DATA EXTRACT START
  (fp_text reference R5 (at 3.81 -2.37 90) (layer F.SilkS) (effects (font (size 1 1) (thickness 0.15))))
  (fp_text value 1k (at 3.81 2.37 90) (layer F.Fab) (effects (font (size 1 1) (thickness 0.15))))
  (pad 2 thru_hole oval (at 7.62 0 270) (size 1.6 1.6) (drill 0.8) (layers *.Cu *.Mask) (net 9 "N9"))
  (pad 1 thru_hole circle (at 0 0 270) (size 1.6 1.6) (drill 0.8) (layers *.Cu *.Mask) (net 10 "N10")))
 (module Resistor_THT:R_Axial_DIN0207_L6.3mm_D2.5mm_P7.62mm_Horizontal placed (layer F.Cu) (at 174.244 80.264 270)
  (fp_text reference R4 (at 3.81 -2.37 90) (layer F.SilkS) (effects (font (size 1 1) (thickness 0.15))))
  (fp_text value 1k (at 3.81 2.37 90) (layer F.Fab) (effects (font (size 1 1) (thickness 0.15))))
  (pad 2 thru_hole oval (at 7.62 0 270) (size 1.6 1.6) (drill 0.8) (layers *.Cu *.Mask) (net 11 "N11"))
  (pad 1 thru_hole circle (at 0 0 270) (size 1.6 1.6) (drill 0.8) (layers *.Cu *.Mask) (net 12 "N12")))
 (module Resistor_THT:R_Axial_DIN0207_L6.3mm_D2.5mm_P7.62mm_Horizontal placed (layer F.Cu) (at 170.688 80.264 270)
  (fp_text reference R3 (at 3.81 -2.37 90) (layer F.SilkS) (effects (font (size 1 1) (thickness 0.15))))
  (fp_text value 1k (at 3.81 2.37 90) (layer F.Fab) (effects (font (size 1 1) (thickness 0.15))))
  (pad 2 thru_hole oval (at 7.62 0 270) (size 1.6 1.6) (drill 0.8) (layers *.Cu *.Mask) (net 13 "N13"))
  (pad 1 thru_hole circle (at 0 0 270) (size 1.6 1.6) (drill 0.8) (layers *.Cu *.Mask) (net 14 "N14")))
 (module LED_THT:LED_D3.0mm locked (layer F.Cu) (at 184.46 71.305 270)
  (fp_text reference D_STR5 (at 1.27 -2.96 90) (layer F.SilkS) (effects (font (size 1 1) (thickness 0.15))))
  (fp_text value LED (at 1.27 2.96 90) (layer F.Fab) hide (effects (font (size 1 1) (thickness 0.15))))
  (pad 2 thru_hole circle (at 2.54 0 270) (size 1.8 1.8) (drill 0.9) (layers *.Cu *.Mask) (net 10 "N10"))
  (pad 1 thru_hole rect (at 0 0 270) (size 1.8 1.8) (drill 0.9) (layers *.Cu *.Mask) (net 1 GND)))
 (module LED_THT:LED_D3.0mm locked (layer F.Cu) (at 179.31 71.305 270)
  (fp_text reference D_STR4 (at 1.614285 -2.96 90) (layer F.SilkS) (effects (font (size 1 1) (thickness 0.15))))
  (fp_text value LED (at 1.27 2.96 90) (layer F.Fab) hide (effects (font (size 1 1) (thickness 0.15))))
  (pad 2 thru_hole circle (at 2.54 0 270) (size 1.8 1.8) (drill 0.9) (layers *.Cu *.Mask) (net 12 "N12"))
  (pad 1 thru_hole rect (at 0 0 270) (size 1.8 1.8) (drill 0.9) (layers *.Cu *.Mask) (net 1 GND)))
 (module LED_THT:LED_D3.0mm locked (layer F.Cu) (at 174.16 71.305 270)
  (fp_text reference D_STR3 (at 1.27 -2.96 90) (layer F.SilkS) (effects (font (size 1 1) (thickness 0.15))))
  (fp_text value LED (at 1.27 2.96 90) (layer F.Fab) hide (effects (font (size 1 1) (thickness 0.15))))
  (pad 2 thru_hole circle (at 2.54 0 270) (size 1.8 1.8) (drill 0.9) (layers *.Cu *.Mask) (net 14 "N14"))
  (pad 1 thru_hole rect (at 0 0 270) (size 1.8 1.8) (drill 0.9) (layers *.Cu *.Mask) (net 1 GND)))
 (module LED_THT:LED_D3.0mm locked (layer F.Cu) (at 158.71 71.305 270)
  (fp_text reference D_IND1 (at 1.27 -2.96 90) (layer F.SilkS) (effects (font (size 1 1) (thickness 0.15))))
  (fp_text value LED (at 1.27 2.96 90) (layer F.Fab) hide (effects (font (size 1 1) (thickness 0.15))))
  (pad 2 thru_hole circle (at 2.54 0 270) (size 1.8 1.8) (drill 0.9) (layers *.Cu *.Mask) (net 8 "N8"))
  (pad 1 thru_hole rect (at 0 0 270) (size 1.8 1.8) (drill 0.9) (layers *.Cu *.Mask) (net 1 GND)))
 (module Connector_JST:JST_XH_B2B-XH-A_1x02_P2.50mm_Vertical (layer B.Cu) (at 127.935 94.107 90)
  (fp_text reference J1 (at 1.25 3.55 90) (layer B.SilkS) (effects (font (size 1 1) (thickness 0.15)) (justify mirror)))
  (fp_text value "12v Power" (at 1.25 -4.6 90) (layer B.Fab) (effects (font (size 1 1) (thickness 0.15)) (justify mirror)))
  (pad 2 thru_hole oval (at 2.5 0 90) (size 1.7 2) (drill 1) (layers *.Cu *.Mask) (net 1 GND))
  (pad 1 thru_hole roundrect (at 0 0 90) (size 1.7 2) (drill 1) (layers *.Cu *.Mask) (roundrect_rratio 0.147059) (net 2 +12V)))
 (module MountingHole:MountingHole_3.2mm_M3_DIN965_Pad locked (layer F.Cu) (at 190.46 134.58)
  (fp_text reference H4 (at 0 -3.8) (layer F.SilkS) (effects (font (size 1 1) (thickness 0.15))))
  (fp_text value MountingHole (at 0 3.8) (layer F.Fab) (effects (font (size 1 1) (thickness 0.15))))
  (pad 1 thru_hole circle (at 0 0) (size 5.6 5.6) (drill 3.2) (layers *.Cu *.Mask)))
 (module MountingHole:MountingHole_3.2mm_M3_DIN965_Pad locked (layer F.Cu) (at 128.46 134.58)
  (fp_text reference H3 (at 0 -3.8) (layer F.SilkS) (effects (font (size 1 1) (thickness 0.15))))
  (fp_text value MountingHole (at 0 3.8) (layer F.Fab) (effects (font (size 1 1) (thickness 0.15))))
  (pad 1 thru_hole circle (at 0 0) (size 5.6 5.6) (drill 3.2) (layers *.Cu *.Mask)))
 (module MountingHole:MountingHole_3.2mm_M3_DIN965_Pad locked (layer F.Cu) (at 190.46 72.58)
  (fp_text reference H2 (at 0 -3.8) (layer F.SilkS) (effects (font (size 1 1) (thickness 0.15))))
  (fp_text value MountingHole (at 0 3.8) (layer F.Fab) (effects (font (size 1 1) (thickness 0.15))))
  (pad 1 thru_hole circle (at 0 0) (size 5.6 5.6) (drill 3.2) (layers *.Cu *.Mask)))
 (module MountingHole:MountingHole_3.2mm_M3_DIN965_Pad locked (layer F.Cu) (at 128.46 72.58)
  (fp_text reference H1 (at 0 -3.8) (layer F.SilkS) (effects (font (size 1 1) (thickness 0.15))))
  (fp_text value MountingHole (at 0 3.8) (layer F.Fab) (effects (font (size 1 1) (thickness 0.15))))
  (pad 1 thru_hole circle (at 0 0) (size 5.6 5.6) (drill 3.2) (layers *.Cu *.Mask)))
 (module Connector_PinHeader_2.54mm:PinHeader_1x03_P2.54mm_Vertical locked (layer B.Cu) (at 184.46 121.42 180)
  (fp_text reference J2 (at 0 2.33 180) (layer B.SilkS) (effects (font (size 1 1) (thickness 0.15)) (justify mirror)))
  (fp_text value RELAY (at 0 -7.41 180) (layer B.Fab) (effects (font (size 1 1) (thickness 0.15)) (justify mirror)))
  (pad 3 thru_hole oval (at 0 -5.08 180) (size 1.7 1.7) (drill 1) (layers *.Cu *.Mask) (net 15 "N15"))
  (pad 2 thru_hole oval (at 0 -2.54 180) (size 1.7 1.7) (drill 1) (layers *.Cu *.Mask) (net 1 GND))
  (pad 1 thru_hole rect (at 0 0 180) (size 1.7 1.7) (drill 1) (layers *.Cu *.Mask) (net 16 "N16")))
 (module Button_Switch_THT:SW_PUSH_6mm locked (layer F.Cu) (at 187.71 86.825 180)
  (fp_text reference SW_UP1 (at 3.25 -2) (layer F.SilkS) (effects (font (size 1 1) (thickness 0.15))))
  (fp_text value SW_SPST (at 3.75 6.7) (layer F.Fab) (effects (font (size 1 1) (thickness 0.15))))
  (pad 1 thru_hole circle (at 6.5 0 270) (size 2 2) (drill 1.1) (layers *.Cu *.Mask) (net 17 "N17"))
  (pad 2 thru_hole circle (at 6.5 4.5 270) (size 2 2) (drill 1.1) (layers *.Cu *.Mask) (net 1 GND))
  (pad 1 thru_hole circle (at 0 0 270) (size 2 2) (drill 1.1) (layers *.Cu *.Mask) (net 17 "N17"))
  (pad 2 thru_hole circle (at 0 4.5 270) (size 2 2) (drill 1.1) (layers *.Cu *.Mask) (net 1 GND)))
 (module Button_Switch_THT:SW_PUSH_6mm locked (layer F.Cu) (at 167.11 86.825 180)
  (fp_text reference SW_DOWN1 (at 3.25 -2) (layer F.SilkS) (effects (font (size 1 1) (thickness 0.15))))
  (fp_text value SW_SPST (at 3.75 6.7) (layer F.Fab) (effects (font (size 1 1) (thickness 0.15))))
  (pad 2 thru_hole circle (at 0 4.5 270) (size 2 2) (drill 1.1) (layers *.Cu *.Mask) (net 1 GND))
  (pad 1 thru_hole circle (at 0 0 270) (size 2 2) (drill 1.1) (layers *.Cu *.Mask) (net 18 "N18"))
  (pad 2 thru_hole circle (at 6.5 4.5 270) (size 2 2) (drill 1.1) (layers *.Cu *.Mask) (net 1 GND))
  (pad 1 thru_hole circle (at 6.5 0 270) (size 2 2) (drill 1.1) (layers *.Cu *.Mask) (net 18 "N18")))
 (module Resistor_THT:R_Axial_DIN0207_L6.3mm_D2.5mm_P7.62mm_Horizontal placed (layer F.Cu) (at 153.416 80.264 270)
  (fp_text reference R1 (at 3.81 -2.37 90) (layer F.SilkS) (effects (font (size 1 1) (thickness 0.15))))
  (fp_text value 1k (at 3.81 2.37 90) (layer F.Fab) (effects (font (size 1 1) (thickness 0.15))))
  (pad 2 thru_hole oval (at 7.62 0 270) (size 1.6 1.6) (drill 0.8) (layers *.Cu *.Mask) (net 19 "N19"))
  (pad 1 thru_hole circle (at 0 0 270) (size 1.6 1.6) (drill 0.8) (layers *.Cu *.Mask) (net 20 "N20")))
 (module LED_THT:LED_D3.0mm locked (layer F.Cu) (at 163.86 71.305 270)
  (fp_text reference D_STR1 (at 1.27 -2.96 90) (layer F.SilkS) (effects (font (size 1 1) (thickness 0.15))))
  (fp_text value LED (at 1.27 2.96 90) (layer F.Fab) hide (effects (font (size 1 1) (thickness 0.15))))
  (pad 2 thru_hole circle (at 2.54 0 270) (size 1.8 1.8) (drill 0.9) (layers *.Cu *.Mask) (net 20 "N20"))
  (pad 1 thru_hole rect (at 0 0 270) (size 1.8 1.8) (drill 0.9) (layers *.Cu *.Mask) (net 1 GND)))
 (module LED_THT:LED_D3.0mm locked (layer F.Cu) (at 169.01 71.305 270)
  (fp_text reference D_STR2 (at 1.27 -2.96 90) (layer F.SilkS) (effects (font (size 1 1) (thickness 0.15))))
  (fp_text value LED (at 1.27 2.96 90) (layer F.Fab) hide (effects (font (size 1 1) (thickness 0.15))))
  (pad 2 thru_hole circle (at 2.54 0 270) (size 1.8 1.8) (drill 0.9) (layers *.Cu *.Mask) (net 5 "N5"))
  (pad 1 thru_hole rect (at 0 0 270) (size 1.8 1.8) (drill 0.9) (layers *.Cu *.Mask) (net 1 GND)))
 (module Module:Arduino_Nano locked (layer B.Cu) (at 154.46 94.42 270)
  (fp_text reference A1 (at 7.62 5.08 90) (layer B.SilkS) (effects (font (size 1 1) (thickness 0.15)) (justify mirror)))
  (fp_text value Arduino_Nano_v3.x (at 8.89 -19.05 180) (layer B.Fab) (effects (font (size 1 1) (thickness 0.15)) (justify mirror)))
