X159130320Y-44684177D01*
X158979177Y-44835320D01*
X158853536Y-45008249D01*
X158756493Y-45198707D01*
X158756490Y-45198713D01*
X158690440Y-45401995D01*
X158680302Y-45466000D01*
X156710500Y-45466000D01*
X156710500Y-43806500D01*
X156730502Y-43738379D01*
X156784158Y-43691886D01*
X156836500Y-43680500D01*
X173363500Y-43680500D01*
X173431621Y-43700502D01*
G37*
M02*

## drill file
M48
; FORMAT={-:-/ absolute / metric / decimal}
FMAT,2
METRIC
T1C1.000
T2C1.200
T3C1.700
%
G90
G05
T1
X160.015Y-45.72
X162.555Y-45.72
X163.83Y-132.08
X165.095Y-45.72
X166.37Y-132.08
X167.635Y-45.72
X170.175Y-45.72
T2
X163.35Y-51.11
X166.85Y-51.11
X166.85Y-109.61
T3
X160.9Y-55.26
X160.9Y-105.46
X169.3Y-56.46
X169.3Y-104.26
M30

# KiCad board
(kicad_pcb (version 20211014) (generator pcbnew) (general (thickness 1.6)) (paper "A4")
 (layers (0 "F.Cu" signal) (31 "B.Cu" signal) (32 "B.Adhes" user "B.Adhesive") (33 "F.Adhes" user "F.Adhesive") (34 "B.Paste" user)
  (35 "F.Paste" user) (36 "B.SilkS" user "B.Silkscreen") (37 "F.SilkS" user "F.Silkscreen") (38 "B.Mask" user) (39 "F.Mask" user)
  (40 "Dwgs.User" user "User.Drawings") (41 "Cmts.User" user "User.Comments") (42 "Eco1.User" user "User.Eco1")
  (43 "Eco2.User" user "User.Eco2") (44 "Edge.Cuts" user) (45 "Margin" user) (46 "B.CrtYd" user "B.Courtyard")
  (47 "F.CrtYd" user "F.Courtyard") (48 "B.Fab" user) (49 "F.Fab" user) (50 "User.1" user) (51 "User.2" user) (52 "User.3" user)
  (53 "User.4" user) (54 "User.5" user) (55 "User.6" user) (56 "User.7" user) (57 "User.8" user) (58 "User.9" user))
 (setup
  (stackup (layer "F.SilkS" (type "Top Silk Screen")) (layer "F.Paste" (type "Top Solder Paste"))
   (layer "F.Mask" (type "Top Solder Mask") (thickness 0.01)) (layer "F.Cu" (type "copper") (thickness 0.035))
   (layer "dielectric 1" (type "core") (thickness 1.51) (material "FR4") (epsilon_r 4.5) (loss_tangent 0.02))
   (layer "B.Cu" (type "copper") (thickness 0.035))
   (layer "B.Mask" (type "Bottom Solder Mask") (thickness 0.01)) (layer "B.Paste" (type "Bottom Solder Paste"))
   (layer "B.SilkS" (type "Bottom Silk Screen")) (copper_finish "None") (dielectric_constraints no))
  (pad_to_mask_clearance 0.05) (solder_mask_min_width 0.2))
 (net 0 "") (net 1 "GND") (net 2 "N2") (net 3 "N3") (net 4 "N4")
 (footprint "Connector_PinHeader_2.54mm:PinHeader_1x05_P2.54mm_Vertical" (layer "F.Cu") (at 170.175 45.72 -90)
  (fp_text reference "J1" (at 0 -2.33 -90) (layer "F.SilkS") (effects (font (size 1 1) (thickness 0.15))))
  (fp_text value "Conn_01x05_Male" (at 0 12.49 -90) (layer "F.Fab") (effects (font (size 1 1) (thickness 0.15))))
DATA EXTRACT END
[ACTION ITEM]
The lines needed run from the first line of the data through the line containing "174.244 80.264 270)"; give them again exactly and nothing else.

[WRITTEN RESPONSE]
  (fp_text reference R5 (at 3.81 -2.37 90) (layer F.SilkS) (effects (font (size 1 1) (thickness 0.15))))
  (fp_text value 1k (at 3.81 2.37 90) (layer F.Fab) (effects (font (size 1 1) (thickness 0.15))))
  (pad 2 thru_hole oval (at 7.62 0 270) (size 1.6 1.6) (drill 0.8) (layers *.Cu *.Mask) (net 9 "N9"))
  (pad 1 thru_hole circle (at 0 0 270) (size 1.6 1.6) (drill 0.8) (layers *.Cu *.Mask) (net 10 "N10")))
 (module Resistor_THT:R_Axial_DIN0207_L6.3mm_D2.5mm_P7.62mm_Horizontal placed (layer F.Cu) (at 174.244 80.264 270)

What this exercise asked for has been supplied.